All of lore.kernel.org
 help / color / mirror / Atom feed
From: Eric Auger <eric.auger@redhat.com>
To: eric.auger.pro@gmail.com, eric.auger@redhat.com,
	qemu-devel@nongnu.org, qemu-arm@nongnu.org,
	peter.maydell@linaro.org
Cc: drjones@redhat.com, yi.l.liu@intel.com, mst@redhat.com,
	jean-philippe.brucker@arm.com, zhangfei.gao@foxmail.com,
	peterx@redhat.com, alex.williamson@redhat.com,
	vincent.stehle@arm.com
Subject: [Qemu-devel] [RFC v5 17/29] vfio: Set up nested stage mappings
Date: Thu, 11 Jul 2019 19:39:21 +0200	[thread overview]
Message-ID: <20190711173933.31203-18-eric.auger@redhat.com> (raw)
In-Reply-To: <20190711173933.31203-1-eric.auger@redhat.com>

In nested mode, legacy vfio_iommu_map_notify cannot be used as
there is no "caching" mode and we do not trap on map.

On Intel, vfio_iommu_map_notify was used to DMA map the RAM
through the host single stage.

With nested mode, we need to setup the stage 2 and the stage 1
separately. This patch introduces a prereg_listener to setup
the stage 2 mapping.

The stage 1 mapping, owned by the guest, is passed to the host
when the guest invalidates the stage 1 configuration, through
a dedicated PCIPASIDOps callback.

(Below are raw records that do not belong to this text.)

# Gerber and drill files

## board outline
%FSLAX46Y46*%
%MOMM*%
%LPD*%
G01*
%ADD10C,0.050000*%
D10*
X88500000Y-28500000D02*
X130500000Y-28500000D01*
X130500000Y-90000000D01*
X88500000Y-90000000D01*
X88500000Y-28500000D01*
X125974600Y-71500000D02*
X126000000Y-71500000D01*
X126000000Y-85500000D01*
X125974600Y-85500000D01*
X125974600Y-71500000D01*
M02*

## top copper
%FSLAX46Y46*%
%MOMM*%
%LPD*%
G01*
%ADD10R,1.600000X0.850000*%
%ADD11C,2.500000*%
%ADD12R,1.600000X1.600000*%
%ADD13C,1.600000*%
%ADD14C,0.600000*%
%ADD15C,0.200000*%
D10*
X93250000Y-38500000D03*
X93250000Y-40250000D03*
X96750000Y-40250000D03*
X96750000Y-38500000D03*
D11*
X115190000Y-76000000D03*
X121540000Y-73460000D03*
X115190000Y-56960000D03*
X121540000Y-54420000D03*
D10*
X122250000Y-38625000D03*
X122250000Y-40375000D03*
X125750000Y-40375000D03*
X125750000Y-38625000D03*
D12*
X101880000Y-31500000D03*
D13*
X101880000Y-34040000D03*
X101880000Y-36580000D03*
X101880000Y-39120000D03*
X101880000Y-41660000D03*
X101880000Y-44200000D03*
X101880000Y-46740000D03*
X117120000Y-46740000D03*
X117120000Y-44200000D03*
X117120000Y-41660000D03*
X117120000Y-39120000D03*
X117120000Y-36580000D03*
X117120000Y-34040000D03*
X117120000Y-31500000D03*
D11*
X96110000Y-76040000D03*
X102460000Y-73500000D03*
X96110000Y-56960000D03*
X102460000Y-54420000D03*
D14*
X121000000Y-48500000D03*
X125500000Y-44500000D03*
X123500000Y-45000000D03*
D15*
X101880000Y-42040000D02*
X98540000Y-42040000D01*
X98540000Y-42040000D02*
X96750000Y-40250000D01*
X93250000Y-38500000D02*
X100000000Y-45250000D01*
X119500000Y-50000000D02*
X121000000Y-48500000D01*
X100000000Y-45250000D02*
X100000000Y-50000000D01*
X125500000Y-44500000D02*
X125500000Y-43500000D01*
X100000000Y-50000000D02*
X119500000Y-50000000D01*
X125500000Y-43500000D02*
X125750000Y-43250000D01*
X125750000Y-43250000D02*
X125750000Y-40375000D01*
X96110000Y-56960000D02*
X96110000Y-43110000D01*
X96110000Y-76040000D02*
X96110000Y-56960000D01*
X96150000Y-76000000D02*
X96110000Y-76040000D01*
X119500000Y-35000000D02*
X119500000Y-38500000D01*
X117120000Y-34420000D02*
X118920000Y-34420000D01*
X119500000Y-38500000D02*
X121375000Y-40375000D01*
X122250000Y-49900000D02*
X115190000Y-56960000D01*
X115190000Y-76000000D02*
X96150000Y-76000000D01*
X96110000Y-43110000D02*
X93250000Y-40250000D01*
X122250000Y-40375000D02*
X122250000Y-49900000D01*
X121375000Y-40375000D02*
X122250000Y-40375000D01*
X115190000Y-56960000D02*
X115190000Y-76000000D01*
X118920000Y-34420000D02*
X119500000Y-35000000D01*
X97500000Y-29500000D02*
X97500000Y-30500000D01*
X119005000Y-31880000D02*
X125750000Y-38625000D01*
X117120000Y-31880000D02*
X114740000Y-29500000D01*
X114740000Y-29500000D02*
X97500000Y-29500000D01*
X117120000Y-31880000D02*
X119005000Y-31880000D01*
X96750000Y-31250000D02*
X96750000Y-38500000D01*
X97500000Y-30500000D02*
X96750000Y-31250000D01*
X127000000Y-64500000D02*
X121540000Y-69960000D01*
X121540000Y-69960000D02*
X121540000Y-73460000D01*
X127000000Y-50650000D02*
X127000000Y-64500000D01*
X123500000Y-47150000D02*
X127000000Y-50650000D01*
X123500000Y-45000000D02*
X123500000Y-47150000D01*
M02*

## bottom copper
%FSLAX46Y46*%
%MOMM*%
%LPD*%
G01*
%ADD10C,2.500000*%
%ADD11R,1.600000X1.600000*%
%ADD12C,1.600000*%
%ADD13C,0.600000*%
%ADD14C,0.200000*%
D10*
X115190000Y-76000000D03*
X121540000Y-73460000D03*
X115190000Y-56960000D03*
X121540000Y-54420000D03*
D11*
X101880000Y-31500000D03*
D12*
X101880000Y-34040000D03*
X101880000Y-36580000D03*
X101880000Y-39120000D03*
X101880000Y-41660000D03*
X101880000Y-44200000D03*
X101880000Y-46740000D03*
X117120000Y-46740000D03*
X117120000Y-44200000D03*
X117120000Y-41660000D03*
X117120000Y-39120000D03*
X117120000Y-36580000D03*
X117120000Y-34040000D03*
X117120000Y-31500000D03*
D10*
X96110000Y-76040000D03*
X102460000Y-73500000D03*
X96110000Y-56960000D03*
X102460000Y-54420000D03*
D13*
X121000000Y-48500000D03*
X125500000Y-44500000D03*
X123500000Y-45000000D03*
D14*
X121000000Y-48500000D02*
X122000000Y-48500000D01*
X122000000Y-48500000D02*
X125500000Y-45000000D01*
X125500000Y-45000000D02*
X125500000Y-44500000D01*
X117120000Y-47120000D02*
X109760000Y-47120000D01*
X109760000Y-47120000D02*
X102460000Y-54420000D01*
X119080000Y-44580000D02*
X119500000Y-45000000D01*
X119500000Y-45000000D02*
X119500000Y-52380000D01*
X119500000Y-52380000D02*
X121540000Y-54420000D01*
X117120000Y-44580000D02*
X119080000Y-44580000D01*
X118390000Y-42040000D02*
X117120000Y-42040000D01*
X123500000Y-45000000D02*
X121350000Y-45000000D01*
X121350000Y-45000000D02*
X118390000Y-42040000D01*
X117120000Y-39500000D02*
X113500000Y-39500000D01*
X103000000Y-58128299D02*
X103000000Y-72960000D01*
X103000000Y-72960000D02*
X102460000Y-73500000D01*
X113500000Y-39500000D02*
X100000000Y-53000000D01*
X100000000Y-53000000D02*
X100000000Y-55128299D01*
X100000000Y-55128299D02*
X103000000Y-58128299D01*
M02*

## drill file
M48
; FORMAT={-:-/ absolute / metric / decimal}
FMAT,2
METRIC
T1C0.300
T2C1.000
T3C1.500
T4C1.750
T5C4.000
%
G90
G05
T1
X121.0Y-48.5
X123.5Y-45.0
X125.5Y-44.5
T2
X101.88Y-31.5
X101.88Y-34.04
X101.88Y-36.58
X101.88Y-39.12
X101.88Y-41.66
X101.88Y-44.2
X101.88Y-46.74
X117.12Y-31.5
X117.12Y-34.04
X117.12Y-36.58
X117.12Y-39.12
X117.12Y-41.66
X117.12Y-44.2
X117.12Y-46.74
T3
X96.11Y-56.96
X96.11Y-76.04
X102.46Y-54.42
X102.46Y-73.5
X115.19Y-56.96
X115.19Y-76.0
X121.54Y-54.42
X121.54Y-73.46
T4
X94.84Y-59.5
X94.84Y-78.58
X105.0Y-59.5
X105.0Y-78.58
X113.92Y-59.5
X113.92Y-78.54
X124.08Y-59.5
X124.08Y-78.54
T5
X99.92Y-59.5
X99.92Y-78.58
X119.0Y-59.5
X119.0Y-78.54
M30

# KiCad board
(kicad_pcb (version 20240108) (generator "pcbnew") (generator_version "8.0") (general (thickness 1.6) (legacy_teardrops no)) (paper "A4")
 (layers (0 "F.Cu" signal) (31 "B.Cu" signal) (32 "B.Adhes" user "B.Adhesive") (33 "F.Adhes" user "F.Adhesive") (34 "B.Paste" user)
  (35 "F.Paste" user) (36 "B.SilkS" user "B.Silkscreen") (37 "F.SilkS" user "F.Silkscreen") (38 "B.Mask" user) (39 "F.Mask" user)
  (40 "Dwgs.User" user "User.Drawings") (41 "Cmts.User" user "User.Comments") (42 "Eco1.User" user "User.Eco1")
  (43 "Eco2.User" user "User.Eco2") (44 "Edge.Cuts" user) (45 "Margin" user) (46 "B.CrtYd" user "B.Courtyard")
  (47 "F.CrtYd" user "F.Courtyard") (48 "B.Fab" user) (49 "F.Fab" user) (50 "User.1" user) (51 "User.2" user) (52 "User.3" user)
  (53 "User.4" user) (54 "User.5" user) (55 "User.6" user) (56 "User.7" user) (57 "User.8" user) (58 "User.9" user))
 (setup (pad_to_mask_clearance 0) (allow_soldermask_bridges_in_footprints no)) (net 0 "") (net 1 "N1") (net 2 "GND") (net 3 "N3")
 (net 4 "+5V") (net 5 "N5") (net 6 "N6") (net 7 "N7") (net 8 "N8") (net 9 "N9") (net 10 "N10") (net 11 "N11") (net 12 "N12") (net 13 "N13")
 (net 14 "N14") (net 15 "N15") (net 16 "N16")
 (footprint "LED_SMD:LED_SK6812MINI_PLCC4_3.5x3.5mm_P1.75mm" (layer "F.Cu") (at 95 39.375)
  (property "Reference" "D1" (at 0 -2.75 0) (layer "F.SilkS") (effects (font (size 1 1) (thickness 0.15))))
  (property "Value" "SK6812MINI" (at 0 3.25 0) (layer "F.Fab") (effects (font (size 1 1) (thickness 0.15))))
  (pad "1" smd rect (at -1.75 -0.875) (size 1.6 0.85) (layers "F.Cu" "F.Paste" "F.Mask") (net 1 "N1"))
  (pad "2" smd rect (at -1.75 0.875) (size 1.6 0.85) (layers "F.Cu" "F.Paste" "F.Mask") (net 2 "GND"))
  (pad "3" smd rect (at 1.75 0.875) (size 1.6 0.85) (layers "F.Cu" "F.Paste" "F.Mask") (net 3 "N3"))
  (pad "4" smd rect (at 1.75 -0.875) (size 1.6 0.85) (layers "F.Cu" "F.Paste" "F.Mask") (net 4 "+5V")))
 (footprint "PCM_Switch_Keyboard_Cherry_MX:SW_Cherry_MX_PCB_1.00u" (layer "F.Cu") (at 119 78.54)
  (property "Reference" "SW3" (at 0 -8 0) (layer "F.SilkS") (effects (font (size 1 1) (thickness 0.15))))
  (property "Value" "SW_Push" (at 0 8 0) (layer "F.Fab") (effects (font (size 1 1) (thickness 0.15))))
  (pad "" np_thru_hole circle (at -5.08 0) (size 1.75 1.75) (drill 1.75) (layers "*.Cu" "*.Mask"))
  (pad "" np_thru_hole circle (at 0 0) (size 4 4) (drill 4) (layers "*.Cu" "*.Mask"))
  (pad "" np_thru_hole circle (at 5.08 0) (size 1.75 1.75) (drill 1.75) (layers "*.Cu" "*.Mask"))
  (pad "1" thru_hole circle (at -3.81 -2.54) (size 2.5 2.5) (drill 1.5) (layers "*.Cu" "*.Mask") (remove_unused_layers no) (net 2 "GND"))
  (pad "2" thru_hole circle (at 2.54 -5.08) (size 2.5 2.5) (drill 1.5) (layers "*.Cu" "*.Mask") (remove_unused_layers no) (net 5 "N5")))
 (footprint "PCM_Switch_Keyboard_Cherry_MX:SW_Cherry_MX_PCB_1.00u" (layer "F.Cu") (at 119 59.5)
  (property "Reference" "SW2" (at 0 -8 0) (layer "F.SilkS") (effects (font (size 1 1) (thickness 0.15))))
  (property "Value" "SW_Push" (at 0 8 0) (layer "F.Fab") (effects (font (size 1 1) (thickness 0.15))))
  (pad "" np_thru_hole circle (at -5.08 0) (size 1.75 1.75) (drill 1.75) (layers "*.Cu" "*.Mask"))
  (pad "" np_thru_hole circle (at 0 0) (size 4 4) (drill 4) (layers "*.Cu" "*.Mask"))
  (pad "" np_thru_hole circle (at 5.08 0) (size 1.75 1.75) (drill 1.75) (layers "*.Cu" "*.Mask"))
  (pad "1" thru_hole circle (at -3.81 -2.54) (size 2.5 2.5) (drill 1.5) (layers "*.Cu" "*.Mask") (remove_unused_layers no) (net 2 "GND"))
  (pad "2" thru_hole circle (at 2.54 -5.08) (size 2.5 2.5) (drill 1.5) (layers "*.Cu" "*.Mask") (remove_unused_layers no) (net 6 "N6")))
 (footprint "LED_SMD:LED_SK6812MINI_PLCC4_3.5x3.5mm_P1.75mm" (layer "F.Cu") (at 124 39.5)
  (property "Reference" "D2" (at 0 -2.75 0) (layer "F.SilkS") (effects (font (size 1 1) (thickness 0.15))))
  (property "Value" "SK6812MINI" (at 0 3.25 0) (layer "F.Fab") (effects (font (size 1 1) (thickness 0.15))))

Guest IOTLB invalidations
are cascaded downto the host through another IOMMU MR UNMAP
notifier.

Signed-off-by: Eric Auger <eric.auger@redhat.com>

---

v4 -> v5:
- use VFIO_IOMMU_SET_PASID_TABLE
- use PCIPASIDOps for config notification

v3 -> v4:
- use iommu_inv_pasid_info for ASID invalidation

v2 -> v3:
- use VFIO_IOMMU_ATTACH_PASID_TABLE
- new user API
- handle leaf

v1 -> v2:
- adapt to uapi changes
- pass the asid
- pass IOMMU_NOTIFIER_S1_CFG when initializing the config notifier
---
 hw/vfio/common.c     | 123 +++++++++++++++++++++++++++++++++++++++----
 hw/vfio/pci.c        |  21 ++++++++
 hw/vfio/trace-events |   2 +
 3 files changed, 136 insertions(+), 10 deletions(-)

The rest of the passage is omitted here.